Una risposta economica alla crisi

Non è solo una questione di numeri, anche se i numeri della cooperazione italiana sono di tutto rispetto. L’alleanza che nel gennaio scorso è stata sancita tra le tre principali centrali cooperative (Confcooperative, Legacoop e Agci), porta in dote un fatturato annuo di 127 miliardi di euro prodotto da 43mila imprese che danno lavoro ad oltre un milione e centomila persone. No, i numeri dicono molto, ma molto di più spiega la nuova considerazione che l’economia e la società hanno per il fenomeno della cooperazione. Quella cooperazione che l’art. 45 della Costituzione invita a favorire e promuovere proprio per la sua intrinseca qualità di mettere al centro l’uomo, e non il profitto. In tempi recenti, le cooperative sono state viste come un relitto del passato, un anacronismo rispetto ad una realtà fatta di profittabilità degli investimenti, di utili da far crescere sempre e comunque, di orizzonti di redditività ristretti ormai a pochi mesi.
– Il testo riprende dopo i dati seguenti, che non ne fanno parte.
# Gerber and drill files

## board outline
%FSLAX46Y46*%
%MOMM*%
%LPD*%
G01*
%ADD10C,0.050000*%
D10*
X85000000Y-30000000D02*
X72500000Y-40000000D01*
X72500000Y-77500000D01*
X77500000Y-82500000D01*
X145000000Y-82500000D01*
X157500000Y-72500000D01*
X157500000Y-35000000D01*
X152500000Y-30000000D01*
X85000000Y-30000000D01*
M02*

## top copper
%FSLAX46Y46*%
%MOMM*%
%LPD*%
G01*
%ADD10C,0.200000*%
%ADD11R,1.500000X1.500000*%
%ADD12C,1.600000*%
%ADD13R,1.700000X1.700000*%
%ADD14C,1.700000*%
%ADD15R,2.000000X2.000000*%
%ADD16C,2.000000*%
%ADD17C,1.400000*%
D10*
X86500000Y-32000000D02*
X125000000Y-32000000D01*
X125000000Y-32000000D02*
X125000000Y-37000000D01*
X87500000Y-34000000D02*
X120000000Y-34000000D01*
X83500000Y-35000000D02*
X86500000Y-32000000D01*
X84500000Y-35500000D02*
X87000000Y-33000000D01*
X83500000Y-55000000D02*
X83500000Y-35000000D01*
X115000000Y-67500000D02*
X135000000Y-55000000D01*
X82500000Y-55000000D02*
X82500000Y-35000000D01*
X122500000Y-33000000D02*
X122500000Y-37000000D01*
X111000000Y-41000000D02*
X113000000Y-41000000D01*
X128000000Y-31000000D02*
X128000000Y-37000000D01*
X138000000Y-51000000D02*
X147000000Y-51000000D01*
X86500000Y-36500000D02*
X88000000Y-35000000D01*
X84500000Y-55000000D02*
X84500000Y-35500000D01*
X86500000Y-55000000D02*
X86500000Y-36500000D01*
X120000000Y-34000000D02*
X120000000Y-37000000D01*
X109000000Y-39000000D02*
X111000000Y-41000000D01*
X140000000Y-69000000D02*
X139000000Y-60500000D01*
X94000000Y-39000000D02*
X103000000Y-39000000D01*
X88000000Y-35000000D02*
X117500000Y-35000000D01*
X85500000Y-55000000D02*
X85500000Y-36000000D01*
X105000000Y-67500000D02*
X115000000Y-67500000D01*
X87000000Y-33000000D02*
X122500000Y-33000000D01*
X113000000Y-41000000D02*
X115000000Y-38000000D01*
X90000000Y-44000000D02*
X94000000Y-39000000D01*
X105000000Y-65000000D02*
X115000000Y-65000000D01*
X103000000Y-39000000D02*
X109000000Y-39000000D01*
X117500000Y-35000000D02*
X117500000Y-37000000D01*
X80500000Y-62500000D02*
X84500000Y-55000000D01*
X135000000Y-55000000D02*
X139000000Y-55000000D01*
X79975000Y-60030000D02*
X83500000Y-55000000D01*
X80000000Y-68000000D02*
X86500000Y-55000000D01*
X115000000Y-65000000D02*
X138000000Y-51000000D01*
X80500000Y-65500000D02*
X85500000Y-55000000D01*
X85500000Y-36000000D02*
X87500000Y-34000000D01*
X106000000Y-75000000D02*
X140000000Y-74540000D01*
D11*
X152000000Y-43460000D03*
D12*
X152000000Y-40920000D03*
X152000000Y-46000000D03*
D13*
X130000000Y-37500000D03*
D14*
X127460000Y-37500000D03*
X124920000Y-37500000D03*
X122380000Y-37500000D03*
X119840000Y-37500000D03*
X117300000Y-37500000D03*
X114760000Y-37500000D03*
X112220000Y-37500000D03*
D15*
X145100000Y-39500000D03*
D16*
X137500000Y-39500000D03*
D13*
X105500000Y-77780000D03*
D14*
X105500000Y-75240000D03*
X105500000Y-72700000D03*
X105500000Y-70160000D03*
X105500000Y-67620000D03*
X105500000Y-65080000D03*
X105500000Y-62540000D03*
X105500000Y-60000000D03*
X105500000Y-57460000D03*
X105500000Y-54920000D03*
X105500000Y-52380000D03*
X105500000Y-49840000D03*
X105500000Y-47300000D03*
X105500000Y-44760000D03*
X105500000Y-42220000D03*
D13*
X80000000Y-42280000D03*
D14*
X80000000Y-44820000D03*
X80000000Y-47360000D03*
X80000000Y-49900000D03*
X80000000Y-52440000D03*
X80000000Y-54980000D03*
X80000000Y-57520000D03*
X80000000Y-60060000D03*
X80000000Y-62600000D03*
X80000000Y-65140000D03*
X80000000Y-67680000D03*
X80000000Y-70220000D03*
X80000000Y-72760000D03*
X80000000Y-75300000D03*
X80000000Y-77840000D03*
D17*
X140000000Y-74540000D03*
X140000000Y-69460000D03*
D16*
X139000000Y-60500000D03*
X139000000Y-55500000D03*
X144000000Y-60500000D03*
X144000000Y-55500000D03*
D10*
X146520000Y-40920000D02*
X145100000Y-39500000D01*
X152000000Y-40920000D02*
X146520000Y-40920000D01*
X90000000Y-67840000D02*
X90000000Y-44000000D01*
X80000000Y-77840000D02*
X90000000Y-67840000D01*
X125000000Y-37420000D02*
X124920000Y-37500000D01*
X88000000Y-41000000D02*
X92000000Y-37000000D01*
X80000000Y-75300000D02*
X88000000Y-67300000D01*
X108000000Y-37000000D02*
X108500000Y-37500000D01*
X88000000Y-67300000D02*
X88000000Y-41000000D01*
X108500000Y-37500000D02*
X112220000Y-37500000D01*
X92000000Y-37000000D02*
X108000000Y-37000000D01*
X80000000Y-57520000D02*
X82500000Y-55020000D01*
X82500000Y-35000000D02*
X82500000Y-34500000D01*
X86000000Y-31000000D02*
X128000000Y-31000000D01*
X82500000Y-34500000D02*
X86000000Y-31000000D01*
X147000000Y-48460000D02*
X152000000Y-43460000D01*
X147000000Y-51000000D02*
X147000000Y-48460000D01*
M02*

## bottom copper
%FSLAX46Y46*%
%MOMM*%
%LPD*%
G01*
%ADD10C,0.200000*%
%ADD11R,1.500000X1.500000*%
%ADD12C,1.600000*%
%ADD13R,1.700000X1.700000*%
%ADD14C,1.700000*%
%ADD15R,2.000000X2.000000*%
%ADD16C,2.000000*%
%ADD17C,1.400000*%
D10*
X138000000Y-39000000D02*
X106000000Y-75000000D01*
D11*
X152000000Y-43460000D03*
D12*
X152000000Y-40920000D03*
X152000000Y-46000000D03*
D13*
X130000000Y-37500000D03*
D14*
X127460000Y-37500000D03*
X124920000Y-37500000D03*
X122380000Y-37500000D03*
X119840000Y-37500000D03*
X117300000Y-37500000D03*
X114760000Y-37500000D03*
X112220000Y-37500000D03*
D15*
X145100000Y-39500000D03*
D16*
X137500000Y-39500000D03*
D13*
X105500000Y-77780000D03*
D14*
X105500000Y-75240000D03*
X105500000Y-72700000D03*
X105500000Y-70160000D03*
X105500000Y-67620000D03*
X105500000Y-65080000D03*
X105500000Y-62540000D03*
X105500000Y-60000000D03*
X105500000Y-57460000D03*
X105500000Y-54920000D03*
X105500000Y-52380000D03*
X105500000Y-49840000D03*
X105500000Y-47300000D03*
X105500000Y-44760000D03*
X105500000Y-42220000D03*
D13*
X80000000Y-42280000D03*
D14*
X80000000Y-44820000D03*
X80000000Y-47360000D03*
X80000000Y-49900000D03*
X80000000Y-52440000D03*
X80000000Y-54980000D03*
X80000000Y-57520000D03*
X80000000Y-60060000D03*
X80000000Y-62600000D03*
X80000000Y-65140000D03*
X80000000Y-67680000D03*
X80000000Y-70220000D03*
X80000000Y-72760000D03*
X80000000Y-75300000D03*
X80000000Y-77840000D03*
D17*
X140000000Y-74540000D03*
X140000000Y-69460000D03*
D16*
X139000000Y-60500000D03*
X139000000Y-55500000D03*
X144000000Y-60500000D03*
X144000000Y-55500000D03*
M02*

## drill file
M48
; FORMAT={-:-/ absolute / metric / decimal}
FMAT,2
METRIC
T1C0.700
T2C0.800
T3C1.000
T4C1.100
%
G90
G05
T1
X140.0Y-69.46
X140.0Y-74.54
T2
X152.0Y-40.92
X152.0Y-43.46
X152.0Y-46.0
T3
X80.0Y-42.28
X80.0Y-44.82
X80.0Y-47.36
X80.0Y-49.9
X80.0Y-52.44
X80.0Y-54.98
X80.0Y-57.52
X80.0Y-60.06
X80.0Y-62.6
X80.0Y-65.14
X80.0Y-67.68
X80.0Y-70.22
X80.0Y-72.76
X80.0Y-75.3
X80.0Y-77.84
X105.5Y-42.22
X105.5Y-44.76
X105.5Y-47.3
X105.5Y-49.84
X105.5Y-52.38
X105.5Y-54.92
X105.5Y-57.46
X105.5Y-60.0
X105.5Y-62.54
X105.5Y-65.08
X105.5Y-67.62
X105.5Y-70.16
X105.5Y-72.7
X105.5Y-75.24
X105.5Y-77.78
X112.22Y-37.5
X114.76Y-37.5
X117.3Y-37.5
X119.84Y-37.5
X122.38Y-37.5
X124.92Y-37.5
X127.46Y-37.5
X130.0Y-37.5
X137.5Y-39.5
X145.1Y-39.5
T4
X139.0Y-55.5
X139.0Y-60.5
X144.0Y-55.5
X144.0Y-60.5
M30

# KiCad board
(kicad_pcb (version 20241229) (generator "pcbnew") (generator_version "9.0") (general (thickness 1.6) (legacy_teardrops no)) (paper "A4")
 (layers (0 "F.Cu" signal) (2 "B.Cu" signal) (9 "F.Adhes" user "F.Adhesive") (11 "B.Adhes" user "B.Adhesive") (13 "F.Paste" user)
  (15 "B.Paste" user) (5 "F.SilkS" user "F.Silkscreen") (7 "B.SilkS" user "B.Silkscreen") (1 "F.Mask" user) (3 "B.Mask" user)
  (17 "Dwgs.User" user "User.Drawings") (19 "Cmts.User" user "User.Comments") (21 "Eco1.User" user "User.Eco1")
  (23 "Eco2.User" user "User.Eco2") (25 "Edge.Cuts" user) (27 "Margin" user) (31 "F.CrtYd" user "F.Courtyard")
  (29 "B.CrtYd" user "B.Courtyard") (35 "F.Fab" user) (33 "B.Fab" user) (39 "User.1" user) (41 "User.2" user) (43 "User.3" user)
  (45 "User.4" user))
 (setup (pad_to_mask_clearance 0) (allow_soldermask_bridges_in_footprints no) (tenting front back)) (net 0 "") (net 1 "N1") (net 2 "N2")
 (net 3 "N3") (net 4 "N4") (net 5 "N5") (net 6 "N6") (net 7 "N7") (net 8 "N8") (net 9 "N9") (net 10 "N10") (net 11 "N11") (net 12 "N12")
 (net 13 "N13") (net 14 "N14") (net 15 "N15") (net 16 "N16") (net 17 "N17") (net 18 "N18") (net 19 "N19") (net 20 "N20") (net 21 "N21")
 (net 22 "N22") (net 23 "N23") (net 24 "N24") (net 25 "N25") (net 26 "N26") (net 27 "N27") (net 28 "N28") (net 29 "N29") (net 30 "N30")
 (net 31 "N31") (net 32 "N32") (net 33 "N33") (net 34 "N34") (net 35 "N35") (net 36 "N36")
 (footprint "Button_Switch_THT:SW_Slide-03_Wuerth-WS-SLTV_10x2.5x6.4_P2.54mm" (layer "F.Cu") (at 152 43.46 -90)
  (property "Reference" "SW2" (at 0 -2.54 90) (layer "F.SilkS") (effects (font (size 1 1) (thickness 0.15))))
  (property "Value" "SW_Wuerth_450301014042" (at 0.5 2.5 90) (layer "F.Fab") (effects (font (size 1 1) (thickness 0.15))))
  (pad "1" thru_hole rect (at 0 0 270) (size 1.5 1.5) (drill 0.8) (layers "*.Cu" "*.Mask") (remove_unused_layers no) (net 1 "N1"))
  (pad "2" thru_hole circle (at -2.54 0 270) (size 1.6 1.6) (drill 0.8) (layers "*.Cu" "*.Mask") (remove_unused_layers no) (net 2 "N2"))
  (pad "3" thru_hole circle (at 2.54 0 270) (size 1.6 1.6) (drill 0.8) (layers "*.Cu" "*.Mask") (remove_unused_layers no) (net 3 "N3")))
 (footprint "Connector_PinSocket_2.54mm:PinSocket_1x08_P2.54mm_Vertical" (layer "F.Cu") (at 130 37.5 -90)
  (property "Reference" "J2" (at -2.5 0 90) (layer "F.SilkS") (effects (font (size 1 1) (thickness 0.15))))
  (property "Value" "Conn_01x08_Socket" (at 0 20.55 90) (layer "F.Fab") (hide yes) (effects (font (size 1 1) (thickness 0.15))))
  (pad "1" thru_hole rect (at 0 0 270) (size 1.7 1.7) (drill 1) (layers "*.Cu" "*.Mask") (remove_unused_layers no) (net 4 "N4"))
  (pad "2" thru_hole circle (at 0 2.54 270) (size 1.7 1.7) (drill 1) (layers "*.Cu" "*.Mask") (remove_unused_layers no) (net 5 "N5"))
  (pad "3" thru_hole circle (at 0 5.08 270) (size 1.7 1.7) (drill 1) (layers "*.Cu" "*.Mask") (remove_unused_layers no) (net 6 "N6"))
  (pad "4" thru_hole circle (at 0 7.62 270) (size 1.7 1.7) (drill 1) (layers "*.Cu" "*.Mask") (remove_unused_layers no) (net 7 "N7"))
  (pad "5" thru_hole circle (at 0 10.16 270) (size 1.7 1.7) (drill 1) (layers "*.Cu" "*.Mask") (remove_unused_layers no) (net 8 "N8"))
  (pad "6" thru_hole circle (at 0 12.7 270) (size 1.7 1.7) (drill 1) (layers "*.Cu" "*.Mask") (remove_unused_layers no) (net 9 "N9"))
  (pad "7" thru_hole circle (at 0 15.24 270) (size 1.7 1.7) (drill 1) (layers "*.Cu" "*.Mask") (remove_unused_layers no) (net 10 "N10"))
  (pad "8" thru_hole circle (at 0 17.78 270) (size 1.7 1.7) (drill 1) (layers "*.Cu" "*.Mask") (remove_unused_layers no) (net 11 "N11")))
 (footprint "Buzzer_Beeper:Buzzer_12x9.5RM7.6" (layer "F.Cu") (at 145.1 39.5 180)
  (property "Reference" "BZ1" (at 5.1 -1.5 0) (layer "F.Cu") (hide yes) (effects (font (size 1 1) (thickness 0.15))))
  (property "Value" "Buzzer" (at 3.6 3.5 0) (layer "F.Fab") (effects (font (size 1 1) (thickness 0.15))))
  (pad "1" thru_hole rect (at 0 0 180) (size 2 2) (drill 1) (layers "*.Cu" "*.Mask") (remove_unused_layers no) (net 2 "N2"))
  (pad "2" thru_hole circle (at 7.6 0 180) (size 2 2) (drill 1) (layers "*.Cu" "*.Mask") (remove_unused_layers no) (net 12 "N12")))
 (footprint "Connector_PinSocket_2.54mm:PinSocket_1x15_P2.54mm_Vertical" (layer "F.Cu") (at 105.5 77.78 180)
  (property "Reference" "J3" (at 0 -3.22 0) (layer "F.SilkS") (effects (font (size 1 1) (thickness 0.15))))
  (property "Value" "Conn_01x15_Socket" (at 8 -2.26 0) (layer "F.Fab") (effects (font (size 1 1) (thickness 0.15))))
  (pad "1" thru_hole rect (at 0 0 180) (size 1.7 1.7) (drill 1) (layers "*.Cu" "*.Mask") (remove_unused_layers no) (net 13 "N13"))
  (pad "2" thru_hole circle (at 0 2.54 180) (size 1.7 1.7) (drill 1) (layers "*.Cu" "*.Mask") (remove_unused_layers no) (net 12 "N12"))
  (pad "3" thru_hole circle (at 0 5.08 180) (size 1.7 1.7) (drill 1) (layers "*.Cu" "*.Mask") (remove_unused_layers no) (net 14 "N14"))
  (pad "4" thru_hole circle (at 0 7.62 180) (size 1.7 1.7) (drill 1) (layers "*.Cu" "*.Mask") (remove_unused_layers no) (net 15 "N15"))
  (pad "5" thru_hole circle (at 0 10.16 180) (size 1.7 1.7) (drill 1) (layers "*.Cu" "*.Mask") (remove_unused_layers no) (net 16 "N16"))
  (pad "6" thru_hole circle (at 0 12.7 180) (size 1.7 1.7) (drill 1) (layers "*.Cu" "*.Mask") (remove_unused_layers no) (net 1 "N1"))
  (pad "7" thru_hole circle (at 0 15.24 180) (size 1.7 1.7) (drill 1) (layers "*.Cu" "*.Mask") (remove_unused_layers no) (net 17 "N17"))
  (pad "8" thru_hole circle (at 0 17.78 180) (size 1.7 1.7) (drill 1) (layers "*.Cu" "*.Mask") (remove_unused_layers no) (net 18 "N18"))
  (pad "9" thru_hole circle (at 0 20.32 180) (size 1.7 1.7) (drill 1) (layers "*.Cu" "*.Mask") (remove_unused_layers no) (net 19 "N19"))
  (pad "10" thru_hole circle (at 0 22.86 180) (size 1.7 1.7) (drill 1) (layers "*.Cu" "*.Mask") (remove_unused_layers no) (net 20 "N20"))
  (pad "11" thru_hole circle (at 0 25.4 180) (size 1.7 1.7) (drill 1) (layers "*.Cu" "*.Mask") (remove_unused_layers no) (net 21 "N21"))
  (pad "12" thru_hole circle (at 0 27.94 180) (size 1.7 1.7) (drill 1) (layers "*.Cu" "*.Mask") (remove_unused_layers no) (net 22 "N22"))
  (pad "13" thru_hole circle (at 0 30.48 180) (size 1.7 1.7) (drill 1) (layers "*.Cu" "*.Mask") (remove_unused_layers no) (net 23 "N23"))
  (pad "14" thru_hole circle (at 0 33.02 180) (size 1.7 1.7) (drill 1) (layers "*.Cu" "*.Mask") (remove_unused_layers no) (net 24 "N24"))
Di una sbandierata irresponsabilità sociale, dove non conta più dove si produce, chi e quanto lavora, che ricaduta abbia un’attività sul territorio e sulla società.

Importa (importava) solo il profitto degli azionisti. E che gioia per le Borse e il valore delle azioni ogniqualvolta veniva annunciata una delocalizzazione, “tagli” e “contenimento dei costi”, la chiusura di uno stabilimento… Che poi questo significasse la difficoltà economica o la rovina di migliaia di persone e famiglie, poco importava a chi considerava le persone un “fattore di produzione”.

Ne parliamo al passato perché l’aria sta cambiando. Chi taglia e licenzia non è più un eroe celebrato dalle riviste patinate e superpagato dagli azionisti. Chi, come le cooperative, è invece frutto di un territorio, in questo è radicato, e ha come primo obiettivo quello di remunerare correttamente il lavoro apportato, sta diventando almeno un’àncora di salvataggio, se non addirittura un baluardo per affrontare questa enorme crisi economica che ci sconquassa.

I numeri dicono che siamo di fronte alla peggiore crisi economica dal Dopoguerra ad oggi, una crisi che dura ininterrottamente dal 2008. Ebbene: il mondo cooperativo in questo lasso di tempo ha saputo salvaguardare sia i fatturati complessivi che l’occupazione. Non ha guardato agli utili trimestrali ma ha continuato a costruire il proprio futuro, a consolidare le fondamenta, a valutare il tempo con prospettive assai più lunghe.

Chi edifica sulla roccia ha maggiori capacità di sopportare le intemperie.

Monito antico, che più d’uno aveva dimenticato.

Non si può proprio dire che la crisi abbia risparmiato settori come l’agroalimentare o l’edilizia, dove la cooperazione è forte. Eppure sta stringendo i denti laddove le società di capitali stanno incontrando maggiori difficoltà. Che la cooperazione non affronta chiudendo di qua per aprire di là, dove il lavoro costa meno e le persone sono più sfruttabili…

Un capitolo a parte – e un plauso speciale – va alle cooperative sociali, la vera spina dorsale del welfare italiano. Quelle coop che si occupano dell’assistenza alle fasce più deboli della popolazione, disabili e anziani non autosufficienti in primis.

Fanno funzioni che gli enti pubblici non possono o non sanno più fare. Enti pubblici che però affidano questi servizi sociali con l’assurda logica del massimo ribasso, senza alcuna valutazione della qualità del servizio offerto. Far quadrare il cerchio sta diventando sempre più difficile per queste realtà, che devono pure fronteggiare la marea di furbi che utilizzano lo strumento giuridico della cooperazione per creare finte coop che si aggiudicano gli appalti con offerte fuori mercato, salvo poi evadere Fisco e Inps e sparire in un anonimato poco disturbato da chi è preposto a controllare.

Una di quelle magagne che la nuova Italia dovrebbe raddrizzare. Così come dovrebbe astenersi da coinvolgere le cooperative sociali – e soprattutto le persone che ne usufruiscono i servizi – da quell’orizzonte di lacrime e sangue sempre più spesso prospettato. Se è tempo di sacrifici, che ne sia esentato chi da sempre ne fa, e chi non ha nemmeno gli occhi per piangerle, quelle lacrime.